Determine how many lines in the data below contain "CrtYd" and write only that number.

Stored items from a collection →
- - - - -
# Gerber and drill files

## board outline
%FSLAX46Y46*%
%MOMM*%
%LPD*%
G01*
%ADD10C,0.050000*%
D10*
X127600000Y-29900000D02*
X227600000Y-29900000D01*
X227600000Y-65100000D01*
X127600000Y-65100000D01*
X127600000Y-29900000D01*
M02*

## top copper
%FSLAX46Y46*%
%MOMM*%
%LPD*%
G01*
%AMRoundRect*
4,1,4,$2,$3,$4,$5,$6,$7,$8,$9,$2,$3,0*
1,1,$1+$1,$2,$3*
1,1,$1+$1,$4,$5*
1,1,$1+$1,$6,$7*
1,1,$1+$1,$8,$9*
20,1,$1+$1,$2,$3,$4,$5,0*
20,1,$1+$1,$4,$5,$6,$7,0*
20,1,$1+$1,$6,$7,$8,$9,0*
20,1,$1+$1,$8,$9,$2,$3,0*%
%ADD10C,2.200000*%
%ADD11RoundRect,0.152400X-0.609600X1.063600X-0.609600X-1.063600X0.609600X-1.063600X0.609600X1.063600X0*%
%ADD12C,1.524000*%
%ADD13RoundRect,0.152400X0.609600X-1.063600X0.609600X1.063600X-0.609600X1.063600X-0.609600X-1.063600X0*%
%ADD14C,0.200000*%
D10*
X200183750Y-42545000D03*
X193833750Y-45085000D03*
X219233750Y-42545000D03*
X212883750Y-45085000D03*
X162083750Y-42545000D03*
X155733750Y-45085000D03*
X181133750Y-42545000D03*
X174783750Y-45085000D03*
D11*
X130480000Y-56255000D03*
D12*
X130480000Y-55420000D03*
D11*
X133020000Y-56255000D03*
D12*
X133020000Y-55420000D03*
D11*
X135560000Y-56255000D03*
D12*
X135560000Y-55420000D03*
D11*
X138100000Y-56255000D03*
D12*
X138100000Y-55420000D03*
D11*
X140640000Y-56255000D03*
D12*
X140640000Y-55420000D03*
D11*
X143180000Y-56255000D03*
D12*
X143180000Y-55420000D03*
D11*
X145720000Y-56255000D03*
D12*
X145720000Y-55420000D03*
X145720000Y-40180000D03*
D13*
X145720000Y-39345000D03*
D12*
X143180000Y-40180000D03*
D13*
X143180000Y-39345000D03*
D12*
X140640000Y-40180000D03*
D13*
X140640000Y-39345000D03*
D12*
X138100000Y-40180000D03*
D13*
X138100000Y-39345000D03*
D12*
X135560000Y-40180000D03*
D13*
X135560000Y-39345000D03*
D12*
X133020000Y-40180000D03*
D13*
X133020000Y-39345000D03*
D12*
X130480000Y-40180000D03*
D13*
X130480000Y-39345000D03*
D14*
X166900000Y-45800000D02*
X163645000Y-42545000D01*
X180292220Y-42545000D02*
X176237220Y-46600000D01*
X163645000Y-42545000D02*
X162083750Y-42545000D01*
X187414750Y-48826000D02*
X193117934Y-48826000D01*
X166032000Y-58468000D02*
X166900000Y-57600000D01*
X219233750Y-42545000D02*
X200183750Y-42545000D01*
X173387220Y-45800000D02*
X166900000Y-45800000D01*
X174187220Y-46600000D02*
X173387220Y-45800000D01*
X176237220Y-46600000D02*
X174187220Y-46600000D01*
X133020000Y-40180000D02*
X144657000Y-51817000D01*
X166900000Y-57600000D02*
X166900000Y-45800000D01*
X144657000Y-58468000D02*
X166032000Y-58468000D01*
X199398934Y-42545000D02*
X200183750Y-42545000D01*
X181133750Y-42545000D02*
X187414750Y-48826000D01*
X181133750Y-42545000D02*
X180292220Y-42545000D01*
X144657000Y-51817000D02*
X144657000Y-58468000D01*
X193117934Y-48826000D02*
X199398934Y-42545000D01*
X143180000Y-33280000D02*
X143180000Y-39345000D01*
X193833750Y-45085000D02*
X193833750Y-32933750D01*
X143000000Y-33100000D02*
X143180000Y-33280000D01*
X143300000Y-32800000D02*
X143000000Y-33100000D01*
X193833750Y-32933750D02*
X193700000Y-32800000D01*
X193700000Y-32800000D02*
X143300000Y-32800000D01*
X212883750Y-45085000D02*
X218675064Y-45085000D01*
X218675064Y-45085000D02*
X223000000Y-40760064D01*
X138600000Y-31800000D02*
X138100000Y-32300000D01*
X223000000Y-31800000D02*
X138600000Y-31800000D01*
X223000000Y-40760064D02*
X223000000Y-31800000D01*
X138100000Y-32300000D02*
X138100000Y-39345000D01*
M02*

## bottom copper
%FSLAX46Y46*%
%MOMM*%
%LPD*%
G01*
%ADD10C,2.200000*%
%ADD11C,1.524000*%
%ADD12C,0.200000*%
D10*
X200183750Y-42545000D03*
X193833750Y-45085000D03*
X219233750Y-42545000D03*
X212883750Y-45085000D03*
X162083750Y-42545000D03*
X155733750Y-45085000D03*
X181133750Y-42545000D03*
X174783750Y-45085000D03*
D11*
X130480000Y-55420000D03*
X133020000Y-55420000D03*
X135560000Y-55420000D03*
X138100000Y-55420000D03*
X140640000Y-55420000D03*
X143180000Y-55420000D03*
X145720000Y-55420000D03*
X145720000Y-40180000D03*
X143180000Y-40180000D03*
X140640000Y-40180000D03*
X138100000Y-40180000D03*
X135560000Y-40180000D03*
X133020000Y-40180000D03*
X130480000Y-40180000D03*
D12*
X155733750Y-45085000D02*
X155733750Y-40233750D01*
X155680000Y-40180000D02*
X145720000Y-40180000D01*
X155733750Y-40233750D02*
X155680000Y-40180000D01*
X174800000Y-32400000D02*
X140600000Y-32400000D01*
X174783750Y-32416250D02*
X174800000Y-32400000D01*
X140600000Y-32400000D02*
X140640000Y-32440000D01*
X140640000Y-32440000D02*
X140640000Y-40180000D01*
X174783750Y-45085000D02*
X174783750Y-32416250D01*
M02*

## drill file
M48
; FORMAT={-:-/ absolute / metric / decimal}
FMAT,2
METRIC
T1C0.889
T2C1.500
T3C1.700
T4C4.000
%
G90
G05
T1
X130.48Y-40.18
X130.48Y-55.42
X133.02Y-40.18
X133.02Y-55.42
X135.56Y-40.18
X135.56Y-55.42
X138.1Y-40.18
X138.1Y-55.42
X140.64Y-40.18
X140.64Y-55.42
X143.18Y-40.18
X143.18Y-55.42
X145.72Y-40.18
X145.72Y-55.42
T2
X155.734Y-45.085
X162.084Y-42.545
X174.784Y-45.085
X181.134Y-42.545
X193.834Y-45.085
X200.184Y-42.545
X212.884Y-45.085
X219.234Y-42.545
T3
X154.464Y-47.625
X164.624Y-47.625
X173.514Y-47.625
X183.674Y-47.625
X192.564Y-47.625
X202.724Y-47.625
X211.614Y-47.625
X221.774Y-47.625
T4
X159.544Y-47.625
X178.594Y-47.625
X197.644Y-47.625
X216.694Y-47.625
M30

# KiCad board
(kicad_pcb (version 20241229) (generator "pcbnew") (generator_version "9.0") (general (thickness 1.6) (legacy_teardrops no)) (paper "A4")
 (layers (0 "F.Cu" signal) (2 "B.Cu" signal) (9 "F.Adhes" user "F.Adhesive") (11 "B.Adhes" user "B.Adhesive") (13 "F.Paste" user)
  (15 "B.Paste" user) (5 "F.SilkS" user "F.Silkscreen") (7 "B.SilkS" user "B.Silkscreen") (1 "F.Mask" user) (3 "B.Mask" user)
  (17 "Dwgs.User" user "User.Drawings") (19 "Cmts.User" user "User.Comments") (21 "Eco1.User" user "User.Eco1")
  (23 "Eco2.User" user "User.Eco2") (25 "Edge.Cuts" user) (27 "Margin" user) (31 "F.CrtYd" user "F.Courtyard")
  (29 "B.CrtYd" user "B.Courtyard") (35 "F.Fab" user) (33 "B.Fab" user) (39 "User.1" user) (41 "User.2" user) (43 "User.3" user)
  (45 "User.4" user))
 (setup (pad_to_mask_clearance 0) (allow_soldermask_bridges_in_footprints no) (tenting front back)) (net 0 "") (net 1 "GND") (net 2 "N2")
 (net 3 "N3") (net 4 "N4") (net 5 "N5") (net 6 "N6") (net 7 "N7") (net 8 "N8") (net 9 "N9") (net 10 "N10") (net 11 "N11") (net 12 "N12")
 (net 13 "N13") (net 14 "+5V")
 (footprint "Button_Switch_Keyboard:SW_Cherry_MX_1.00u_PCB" (layer "F.Cu") (at 200.18375 42.545)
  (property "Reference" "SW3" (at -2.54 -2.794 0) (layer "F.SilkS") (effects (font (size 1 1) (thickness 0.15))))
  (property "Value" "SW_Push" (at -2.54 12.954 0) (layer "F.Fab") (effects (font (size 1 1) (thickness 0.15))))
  (pad "" np_thru_hole circle (at -7.62 5.08) (size 1.7 1.7) (drill 1.7) (layers "*.Cu" "*.Mask"))
  (pad "" np_thru_hole circle (at -2.54 5.08) (size 4 4) (drill 4) (layers "*.Cu" "*.Mask"))
  (pad "" np_thru_hole circle (at 2.54 5.08) (size 1.7 1.7) (drill 1.7) (layers "*.Cu" "*.Mask"))
  (pad "1" thru_hole circle (at 0 0) (size 2.2 2.2) (drill 1.5) (layers "*.Cu" "*.Mask") (remove_unused_layers no) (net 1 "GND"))
  (pad "2" thru_hole circle (at -6.35 2.54) (size 2.2 2.2) (drill 1.5) (layers "*.Cu" "*.Mask") (remove_unused_layers no) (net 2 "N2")))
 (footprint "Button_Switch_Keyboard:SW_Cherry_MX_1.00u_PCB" (layer "F.Cu") (at 219.23375 42.545)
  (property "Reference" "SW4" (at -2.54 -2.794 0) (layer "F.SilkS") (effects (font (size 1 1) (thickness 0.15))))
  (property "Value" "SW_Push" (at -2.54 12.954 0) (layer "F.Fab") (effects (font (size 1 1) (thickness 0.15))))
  (pad "" np_thru_hole circle (at -7.62 5.08) (size 1.7 1.7) (drill 1.7) (layers "*.Cu" "*.Mask"))
  (pad "" np_thru_hole circle (at -2.54 5.08) (size 4 4) (drill 4) (layers "*.Cu" "*.Mask"))
  (pad "" np_thru_hole circle (at 2.54 5.08) (size 1.7 1.7) (drill 1.7) (layers "*.Cu" "*.Mask"))
  (pad "1" thru_hole circle (at 0 0) (size 2.2 2.2) (drill 1.5) (layers "*.Cu" "*.Mask") (remove_unused_layers no) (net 1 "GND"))
  (pad "2" thru_hole circle (at -6.35 2.54) (size 2.2 2.2) (drill 1.5) (layers "*.Cu" "*.Mask") (remove_unused_layers no) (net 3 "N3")))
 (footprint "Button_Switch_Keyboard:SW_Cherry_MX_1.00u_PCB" (layer "F.Cu") (at 162.08375 42.545)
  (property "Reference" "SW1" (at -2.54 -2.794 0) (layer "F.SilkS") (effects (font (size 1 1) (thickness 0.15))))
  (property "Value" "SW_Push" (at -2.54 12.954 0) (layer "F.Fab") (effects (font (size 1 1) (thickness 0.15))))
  (pad "" np_thru_hole circle (at -7.62 5.08) (size 1.7 1.7) (drill 1.7) (layers "*.Cu" "*.Mask"))
  (pad "" np_thru_hole circle (at -2.54 5.08) (size 4 4) (drill 4) (layers "*.Cu" "*.Mask"))
  (pad "" np_thru_hole circle (at 2.54 5.08) (size 1.7 1.7) (drill 1.7) (layers "*.Cu" "*.Mask"))
  (pad "1" thru_hole circle (at 0 0) (size 2.2 2.2) (drill 1.5) (layers "*.Cu" "*.Mask") (remove_unused_layers no) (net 1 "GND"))
  (pad "2" thru_hole circle (at -6.35 2.54) (size 2.2 2.2) (drill 1.5) (layers "*.Cu" "*.Mask") (remove_unused_layers no) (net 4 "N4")))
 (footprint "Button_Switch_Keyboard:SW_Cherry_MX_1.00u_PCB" (layer "F.Cu") (at 181.13375 42.545)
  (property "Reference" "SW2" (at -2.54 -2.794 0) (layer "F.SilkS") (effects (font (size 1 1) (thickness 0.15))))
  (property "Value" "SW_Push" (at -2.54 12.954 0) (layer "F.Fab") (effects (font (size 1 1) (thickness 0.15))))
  (pad "" np_thru_hole circle (at -7.62 5.08) (size 1.7 1.7) (drill 1.7) (layers "*.Cu" "*.Mask"))
  (pad "" np_thru_hole circle (at -2.54 5.08) (size 4 4) (drill 4) (layers "*.Cu" "*.Mask"))
  (pad "" np_thru_hole circle (at 2.54 5.08) (size 1.7 1.7) (drill 1.7) (layers "*.Cu" "*.Mask"))
  (pad "1" thru_hole circle (at 0 0) (size 2.2 2.2) (drill 1.5) (layers "*.Cu" "*.Mask") (remove_unused_layers no) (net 1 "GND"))
  (pad "2" thru_hole circle (at -6.35 2.54) (size 2.2 2.2) (drill 1.5) (layers "*.Cu" "*.Mask") (remove_unused_layers no) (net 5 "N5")))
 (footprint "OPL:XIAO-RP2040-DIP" (layer "F.Cu") (at 138.1 47.8 90)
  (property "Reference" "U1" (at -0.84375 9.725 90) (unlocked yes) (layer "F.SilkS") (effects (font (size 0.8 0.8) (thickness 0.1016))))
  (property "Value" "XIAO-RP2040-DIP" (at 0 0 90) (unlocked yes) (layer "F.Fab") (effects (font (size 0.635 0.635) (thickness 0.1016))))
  (pad "1" smd roundrect (at -8.455 -7.62 270) (size 2.432 1.524) (layers "F.Cu" "F.Mask") (roundrect_rratio 0.1) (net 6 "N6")
   (thermal_bridge_angle 45))
  (pad "1" thru_hole circle (at -7.62 -7.62 270) (size 1.524 1.524) (drill 0.889) (layers "*.Cu" "*.Mask") (remove_unused_layers no)
   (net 6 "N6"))
  (pad "2" smd roundrect (at -8.455 -5.08 270) (size 2.432 1.524) (layers "F.Cu" "F.Mask") (roundrect_rratio 0.1) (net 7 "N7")
   (thermal_bridge_angle 45))
  (pad "2" thru_hole circle (at -7.62 -5.08 270) (size 1.524 1.524) (drill 0.889) (layers "*.Cu" "*.Mask") (remove_unused_layers no)
   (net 7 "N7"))
  (pad "3" smd roundrect (at -8.455 -2.54 270) (size 2.432 1.524) (layers "F.Cu" "F.Mask") (roundrect_rratio 0.1) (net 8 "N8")
   (thermal_bridge_angle 45))
  (pad "3" thru_hole circle (at -7.62 -2.54 270) (size 1.524 1.524) (drill 0.889) (layers "*.Cu" "*.Mask") (remove_unused_layers no)
   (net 8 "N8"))
  (pad "4" smd roundrect (at -8.455 0 270) (size 2.432 1.524) (layers "F.Cu" "F.Mask") (roundrect_rratio 0.1) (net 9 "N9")
   (thermal_bridge_angle 45))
- - - - -
Written solution →
2